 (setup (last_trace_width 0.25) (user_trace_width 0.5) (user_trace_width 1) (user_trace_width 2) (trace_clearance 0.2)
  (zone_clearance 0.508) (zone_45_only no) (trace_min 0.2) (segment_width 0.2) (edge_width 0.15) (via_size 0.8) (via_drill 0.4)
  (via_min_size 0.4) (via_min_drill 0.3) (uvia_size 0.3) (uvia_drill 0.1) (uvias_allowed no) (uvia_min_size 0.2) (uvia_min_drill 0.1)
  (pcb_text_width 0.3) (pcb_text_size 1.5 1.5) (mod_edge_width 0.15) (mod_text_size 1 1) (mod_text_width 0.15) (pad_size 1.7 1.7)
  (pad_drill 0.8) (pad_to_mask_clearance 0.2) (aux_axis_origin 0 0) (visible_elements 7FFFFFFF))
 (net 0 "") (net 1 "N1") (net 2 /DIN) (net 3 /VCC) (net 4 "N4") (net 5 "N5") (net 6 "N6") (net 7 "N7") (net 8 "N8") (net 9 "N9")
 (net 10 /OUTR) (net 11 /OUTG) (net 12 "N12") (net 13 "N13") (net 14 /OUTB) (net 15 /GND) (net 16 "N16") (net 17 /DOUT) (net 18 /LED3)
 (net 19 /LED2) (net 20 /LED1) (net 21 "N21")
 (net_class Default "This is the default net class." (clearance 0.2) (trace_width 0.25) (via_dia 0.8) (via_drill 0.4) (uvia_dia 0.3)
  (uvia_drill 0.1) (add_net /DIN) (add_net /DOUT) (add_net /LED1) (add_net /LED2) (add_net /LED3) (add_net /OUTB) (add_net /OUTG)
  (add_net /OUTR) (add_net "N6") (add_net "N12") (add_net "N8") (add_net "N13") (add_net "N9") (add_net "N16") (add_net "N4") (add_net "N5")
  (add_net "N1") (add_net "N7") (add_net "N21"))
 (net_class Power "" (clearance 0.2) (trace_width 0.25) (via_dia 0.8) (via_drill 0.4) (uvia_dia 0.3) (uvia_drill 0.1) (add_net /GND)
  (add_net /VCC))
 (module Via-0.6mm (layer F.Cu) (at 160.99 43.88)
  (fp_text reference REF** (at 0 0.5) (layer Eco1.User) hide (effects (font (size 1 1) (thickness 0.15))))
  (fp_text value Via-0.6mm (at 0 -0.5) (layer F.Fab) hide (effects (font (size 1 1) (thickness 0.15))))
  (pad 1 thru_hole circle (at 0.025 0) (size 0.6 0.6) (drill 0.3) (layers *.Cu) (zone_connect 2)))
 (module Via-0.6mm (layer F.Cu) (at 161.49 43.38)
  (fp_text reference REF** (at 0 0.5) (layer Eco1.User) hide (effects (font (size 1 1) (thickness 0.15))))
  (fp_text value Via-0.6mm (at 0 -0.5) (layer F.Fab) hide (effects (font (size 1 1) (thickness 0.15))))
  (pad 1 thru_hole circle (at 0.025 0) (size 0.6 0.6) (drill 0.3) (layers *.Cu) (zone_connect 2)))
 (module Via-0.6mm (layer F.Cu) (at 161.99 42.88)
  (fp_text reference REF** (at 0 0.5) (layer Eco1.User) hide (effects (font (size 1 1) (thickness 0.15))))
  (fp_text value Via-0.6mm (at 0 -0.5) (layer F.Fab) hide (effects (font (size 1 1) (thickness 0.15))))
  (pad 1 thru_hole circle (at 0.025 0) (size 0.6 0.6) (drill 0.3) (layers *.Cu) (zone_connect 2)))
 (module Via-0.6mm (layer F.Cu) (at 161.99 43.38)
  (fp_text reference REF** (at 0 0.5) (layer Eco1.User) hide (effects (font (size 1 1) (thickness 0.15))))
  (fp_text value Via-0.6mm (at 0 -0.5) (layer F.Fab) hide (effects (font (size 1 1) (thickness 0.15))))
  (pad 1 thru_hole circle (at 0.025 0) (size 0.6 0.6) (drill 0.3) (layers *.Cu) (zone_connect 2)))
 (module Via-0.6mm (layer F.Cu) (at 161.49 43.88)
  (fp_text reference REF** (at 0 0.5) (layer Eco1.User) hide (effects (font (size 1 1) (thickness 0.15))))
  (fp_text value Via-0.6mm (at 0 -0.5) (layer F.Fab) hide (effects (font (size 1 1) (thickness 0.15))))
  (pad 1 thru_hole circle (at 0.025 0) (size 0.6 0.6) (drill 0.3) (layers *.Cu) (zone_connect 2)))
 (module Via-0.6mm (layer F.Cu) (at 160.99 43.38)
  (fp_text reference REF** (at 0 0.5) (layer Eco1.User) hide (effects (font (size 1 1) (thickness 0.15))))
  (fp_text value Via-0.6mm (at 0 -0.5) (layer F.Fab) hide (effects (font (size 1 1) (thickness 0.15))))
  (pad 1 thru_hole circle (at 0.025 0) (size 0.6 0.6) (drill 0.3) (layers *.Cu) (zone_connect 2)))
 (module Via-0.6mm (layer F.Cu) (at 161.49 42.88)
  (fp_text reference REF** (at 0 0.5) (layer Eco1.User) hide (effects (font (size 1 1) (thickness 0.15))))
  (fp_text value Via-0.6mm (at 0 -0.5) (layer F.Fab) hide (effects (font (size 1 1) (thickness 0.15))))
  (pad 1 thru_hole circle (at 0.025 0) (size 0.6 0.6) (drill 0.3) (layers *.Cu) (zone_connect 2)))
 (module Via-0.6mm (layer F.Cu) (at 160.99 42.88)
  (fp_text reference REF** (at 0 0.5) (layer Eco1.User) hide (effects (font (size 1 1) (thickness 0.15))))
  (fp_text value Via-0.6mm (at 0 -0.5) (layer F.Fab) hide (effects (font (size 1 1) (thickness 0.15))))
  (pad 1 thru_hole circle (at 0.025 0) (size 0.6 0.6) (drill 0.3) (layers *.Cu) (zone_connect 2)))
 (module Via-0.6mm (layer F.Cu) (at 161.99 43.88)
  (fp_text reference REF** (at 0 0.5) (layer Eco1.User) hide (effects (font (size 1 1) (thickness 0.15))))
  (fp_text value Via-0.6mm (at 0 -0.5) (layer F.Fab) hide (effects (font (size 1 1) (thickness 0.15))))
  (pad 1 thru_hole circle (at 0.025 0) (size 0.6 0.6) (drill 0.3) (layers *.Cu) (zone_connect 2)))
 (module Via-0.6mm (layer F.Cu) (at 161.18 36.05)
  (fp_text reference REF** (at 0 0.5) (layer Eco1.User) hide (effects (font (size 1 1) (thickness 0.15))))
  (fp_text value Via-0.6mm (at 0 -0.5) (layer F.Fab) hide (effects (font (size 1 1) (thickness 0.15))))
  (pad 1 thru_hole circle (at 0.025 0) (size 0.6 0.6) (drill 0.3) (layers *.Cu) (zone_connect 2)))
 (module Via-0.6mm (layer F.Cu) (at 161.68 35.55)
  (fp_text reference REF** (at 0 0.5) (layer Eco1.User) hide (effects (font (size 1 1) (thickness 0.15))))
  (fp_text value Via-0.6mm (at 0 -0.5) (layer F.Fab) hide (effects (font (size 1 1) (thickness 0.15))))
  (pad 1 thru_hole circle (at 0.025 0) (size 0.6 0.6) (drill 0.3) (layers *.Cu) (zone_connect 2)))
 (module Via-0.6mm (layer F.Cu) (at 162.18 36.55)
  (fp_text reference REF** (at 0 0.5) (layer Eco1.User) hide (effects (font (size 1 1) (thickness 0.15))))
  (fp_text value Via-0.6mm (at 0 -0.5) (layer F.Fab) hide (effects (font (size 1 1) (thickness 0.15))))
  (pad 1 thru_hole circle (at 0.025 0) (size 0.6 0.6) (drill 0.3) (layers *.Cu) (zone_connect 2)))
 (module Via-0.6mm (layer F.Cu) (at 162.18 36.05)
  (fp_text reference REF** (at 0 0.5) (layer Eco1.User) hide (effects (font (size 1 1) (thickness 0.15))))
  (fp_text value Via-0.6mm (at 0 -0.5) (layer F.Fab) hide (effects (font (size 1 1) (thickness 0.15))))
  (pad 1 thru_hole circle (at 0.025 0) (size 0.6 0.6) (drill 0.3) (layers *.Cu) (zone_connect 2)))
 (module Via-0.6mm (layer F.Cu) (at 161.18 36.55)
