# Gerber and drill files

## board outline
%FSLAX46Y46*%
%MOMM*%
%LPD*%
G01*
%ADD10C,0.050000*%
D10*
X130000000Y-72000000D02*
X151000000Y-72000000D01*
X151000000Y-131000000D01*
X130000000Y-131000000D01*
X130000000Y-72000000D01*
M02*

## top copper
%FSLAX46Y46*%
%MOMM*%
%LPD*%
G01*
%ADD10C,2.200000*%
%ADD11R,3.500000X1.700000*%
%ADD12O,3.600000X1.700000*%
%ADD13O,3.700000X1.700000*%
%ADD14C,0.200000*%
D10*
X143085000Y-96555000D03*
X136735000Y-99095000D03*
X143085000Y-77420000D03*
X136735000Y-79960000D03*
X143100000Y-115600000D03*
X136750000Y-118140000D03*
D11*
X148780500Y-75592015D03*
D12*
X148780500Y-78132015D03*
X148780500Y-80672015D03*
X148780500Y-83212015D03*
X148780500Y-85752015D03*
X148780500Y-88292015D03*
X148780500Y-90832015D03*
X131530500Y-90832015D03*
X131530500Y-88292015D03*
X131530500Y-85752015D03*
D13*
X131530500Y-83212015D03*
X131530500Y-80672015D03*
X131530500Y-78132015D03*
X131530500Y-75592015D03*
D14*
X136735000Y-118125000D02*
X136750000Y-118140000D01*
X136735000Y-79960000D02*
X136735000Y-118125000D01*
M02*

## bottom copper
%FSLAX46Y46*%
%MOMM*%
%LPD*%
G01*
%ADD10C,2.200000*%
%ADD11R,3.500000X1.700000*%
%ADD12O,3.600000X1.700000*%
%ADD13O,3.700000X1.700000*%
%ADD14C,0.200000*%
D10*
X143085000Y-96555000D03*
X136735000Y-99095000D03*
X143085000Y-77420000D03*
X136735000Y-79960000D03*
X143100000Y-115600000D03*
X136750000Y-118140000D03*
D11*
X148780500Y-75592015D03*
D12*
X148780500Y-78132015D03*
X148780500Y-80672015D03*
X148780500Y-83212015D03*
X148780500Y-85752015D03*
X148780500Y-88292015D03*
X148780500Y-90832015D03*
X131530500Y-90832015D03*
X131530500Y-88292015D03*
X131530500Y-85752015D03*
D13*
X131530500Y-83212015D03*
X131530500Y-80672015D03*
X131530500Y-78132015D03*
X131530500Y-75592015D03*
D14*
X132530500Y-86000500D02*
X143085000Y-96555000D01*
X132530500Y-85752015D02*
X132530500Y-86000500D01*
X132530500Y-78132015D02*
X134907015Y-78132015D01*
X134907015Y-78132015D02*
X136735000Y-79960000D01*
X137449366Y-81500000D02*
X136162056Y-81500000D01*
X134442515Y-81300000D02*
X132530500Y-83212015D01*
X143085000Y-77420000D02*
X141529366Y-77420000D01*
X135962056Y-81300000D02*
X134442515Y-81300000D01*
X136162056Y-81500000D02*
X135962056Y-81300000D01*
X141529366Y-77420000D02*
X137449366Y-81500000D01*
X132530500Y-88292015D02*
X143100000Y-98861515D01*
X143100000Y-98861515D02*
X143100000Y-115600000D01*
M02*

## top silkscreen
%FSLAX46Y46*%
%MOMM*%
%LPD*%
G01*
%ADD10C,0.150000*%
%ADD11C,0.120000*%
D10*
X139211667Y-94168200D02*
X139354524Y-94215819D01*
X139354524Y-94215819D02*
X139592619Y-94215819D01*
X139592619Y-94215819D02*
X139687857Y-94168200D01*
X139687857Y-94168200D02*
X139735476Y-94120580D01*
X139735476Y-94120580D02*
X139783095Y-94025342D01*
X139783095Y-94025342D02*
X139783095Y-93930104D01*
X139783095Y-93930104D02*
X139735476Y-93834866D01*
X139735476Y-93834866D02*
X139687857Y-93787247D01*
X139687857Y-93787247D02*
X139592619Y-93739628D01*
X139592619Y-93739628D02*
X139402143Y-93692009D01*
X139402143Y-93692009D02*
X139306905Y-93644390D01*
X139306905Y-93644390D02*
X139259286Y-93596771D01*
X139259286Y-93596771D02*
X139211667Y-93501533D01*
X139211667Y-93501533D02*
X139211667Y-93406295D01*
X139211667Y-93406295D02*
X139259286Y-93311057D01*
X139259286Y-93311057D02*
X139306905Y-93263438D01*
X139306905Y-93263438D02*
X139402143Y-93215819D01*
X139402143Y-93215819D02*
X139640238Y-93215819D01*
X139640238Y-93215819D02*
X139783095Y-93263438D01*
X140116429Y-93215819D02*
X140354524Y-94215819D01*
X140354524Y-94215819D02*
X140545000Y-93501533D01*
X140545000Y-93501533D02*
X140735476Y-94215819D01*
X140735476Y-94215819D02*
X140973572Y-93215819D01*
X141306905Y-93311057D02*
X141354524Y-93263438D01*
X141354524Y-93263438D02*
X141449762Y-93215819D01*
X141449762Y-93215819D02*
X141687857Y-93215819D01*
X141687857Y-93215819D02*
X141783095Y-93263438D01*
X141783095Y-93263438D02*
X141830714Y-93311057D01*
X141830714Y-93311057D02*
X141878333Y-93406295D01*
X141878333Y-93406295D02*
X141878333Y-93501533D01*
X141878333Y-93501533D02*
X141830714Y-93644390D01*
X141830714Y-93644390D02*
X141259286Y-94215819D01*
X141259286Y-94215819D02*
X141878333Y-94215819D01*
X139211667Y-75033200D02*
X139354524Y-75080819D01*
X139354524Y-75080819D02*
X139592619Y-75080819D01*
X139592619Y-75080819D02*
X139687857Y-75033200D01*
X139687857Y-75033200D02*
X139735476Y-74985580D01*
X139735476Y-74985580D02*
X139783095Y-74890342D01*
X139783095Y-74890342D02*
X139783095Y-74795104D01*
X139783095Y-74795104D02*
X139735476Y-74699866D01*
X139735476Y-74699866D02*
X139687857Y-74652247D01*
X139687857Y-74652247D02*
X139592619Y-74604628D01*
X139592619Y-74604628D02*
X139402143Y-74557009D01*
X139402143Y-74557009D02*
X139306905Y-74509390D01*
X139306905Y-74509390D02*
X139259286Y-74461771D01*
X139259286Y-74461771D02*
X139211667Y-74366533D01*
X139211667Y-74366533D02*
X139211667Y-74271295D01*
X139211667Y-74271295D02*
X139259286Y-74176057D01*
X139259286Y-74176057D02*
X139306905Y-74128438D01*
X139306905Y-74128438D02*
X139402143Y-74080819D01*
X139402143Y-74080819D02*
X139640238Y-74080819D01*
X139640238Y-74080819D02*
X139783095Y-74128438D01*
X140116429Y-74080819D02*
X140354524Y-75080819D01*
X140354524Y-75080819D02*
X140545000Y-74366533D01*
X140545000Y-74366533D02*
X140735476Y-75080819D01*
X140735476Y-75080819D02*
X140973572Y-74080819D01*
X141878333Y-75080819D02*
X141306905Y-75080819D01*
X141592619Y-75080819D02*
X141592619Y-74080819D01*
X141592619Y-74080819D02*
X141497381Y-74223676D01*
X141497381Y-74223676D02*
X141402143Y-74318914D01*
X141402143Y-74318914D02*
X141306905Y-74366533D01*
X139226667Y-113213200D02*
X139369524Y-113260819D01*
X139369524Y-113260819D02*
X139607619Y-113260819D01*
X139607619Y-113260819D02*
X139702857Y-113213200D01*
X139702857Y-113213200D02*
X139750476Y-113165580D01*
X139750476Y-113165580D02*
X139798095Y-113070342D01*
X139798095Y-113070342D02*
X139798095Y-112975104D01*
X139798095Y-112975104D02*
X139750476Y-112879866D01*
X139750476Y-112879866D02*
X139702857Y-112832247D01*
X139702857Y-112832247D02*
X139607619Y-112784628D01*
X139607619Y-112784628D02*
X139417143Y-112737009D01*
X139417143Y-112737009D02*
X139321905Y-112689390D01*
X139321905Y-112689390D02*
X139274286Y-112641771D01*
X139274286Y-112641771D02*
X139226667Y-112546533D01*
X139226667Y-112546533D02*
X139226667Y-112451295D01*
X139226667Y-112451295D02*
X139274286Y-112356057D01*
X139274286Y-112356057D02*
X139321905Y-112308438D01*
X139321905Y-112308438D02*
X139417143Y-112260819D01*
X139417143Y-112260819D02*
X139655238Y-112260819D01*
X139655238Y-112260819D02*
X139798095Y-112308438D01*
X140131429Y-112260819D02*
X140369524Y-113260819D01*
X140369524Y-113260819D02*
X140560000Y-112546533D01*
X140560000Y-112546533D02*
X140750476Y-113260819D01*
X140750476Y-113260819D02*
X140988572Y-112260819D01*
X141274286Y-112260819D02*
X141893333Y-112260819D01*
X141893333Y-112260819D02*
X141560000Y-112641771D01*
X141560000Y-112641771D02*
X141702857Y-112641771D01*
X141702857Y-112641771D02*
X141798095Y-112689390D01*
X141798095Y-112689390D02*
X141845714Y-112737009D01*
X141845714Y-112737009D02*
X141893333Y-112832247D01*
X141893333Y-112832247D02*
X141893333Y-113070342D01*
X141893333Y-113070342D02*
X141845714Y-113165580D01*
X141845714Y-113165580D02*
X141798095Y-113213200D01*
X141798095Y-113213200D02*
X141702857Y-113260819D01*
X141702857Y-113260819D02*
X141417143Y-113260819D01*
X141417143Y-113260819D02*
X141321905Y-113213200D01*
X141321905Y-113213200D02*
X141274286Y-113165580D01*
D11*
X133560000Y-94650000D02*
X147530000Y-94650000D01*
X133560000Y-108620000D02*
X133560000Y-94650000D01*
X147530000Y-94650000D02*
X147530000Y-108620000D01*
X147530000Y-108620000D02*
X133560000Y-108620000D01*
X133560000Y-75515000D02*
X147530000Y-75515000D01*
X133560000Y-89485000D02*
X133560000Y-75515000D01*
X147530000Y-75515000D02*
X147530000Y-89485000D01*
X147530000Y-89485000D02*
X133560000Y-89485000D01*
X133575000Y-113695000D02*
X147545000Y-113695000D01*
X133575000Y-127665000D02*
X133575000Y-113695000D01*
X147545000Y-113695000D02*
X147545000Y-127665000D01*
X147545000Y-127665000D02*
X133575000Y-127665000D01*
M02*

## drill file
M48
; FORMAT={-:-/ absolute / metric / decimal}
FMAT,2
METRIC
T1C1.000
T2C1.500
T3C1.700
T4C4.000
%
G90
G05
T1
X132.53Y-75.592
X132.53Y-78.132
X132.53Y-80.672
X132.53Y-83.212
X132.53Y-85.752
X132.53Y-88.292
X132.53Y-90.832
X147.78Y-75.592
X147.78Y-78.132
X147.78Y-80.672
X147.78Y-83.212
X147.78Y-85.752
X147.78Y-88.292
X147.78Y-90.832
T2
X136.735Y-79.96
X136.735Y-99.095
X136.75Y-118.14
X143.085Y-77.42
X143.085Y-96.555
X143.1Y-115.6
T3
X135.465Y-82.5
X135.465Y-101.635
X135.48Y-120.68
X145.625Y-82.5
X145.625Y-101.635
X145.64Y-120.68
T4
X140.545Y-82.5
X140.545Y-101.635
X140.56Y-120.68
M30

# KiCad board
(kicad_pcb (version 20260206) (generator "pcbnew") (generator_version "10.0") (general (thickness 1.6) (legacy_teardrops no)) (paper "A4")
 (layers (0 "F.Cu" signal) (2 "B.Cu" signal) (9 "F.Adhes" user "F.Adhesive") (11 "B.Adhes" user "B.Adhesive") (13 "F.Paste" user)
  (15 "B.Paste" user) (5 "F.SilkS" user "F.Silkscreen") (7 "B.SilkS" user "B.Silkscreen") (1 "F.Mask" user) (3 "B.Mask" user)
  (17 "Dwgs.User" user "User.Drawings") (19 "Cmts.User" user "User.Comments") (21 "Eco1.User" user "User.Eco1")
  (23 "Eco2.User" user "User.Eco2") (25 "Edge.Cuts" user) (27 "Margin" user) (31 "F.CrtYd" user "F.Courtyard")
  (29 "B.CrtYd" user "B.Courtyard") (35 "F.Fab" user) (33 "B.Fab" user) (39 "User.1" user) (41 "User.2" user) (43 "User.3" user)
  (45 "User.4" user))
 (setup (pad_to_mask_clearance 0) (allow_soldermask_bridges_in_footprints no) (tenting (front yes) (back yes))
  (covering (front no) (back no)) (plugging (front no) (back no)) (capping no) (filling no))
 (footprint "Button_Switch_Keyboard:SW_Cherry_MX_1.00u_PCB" (layer "F.Cu") (at 143.085 96.555)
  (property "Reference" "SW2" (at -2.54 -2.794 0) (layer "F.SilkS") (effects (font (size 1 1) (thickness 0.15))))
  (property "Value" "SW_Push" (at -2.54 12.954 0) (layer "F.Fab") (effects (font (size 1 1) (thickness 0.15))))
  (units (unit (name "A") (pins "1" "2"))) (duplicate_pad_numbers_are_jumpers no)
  (fp_line (start -9.525 -1.905) (end 4.445 -1.905) (stroke (width 0.12) (type solid)) (layer "F.SilkS"))
  (fp_line (start -9.525 12.065) (end -9.525 -1.905) (stroke (width 0.12) (type solid)) (layer "F.SilkS"))
  (fp_line (start 4.445 -1.905) (end 4.445 12.065) (stroke (width 0.12) (type solid)) (layer "F.SilkS"))
  (fp_line (start 4.445 12.065) (end -9.525 12.065) (stroke (width 0.12) (type solid)) (layer "F.SilkS"))
  (pad "" np_thru_hole circle (at -7.62 5.08) (size 1.7 1.7) (drill 1.7) (layers "*.Cu" "*.Mask"))
  (pad "" np_thru_hole circle (at -2.54 5.08) (size 4 4) (drill 4) (layers "*.Cu" "*.Mask"))
  (pad "" np_thru_hole circle (at 2.54 5.08) (size 1.7 1.7) (drill 1.7) (layers "*.Cu" "*.Mask"))
  (pad "1" thru_hole circle (at 0 0) (size 2.2 2.2) (drill 1.5) (layers "*.Cu" "*.Mask") (remove_unused_layers no)
   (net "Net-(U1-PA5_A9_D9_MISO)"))
  (pad "2" thru_hole circle (at -6.35 2.54) (size 2.2 2.2) (drill 1.5) (layers "*.Cu" "*.Mask") (remove_unused_layers no) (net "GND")))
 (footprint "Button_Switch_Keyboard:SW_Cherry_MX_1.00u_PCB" (layer "F.Cu") (at 143.085 77.42)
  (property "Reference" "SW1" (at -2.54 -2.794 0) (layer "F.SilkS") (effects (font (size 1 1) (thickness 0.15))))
☆ ☆ ☆ ☆
■ **REQUIRED ACTION**: Your answer should consist only of the lines above between the line holding "X140.545Y-101.635" and the line holding "(at -2.54 12.954", inclusive, each transcribed exactly.

■ **RESULT FOR THIS TASK**:
X140.545Y-101.635
X140.56Y-120.68
M30

# KiCad board
(kicad_pcb (version 20260206) (generator "pcbnew") (generator_version "10.0") (general (thickness 1.6) (legacy_teardrops no)) (paper "A4")
 (layers (0 "F.Cu" signal) (2 "B.Cu" signal) (9 "F.Adhes" user "F.Adhesive") (11 "B.Adhes" user "B.Adhesive") (13 "F.Paste" user)
  (15 "B.Paste" user) (5 "F.SilkS" user "F.Silkscreen") (7 "B.SilkS" user "B.Silkscreen") (1 "F.Mask" user) (3 "B.Mask" user)
  (17 "Dwgs.User" user "User.Drawings") (19 "Cmts.User" user "User.Comments") (21 "Eco1.User" user "User.Eco1")
  (23 "Eco2.User" user "User.Eco2") (25 "Edge.Cuts" user) (27 "Margin" user) (31 "F.CrtYd" user "F.Courtyard")
  (29 "B.CrtYd" user "B.Courtyard") (35 "F.Fab" user) (33 "B.Fab" user) (39 "User.1" user) (41 "User.2" user) (43 "User.3" user)
  (45 "User.4" user))
 (setup (pad_to_mask_clearance 0) (allow_soldermask_bridges_in_footprints no) (tenting (front yes) (back yes))
  (covering (front no) (back no)) (plugging (front no) (back no)) (capping no) (filling no))
 (footprint "Button_Switch_Keyboard:SW_Cherry_MX_1.00u_PCB" (layer "F.Cu") (at 143.085 96.555)
  (property "Reference" "SW2" (at -2.54 -2.794 0) (layer "F.SilkS") (effects (font (size 1 1) (thickness 0.15))))
  (property "Value" "SW_Push" (at -2.54 12.954 0) (layer "F.Fab") (effects (font (size 1 1) (thickness 0.15))))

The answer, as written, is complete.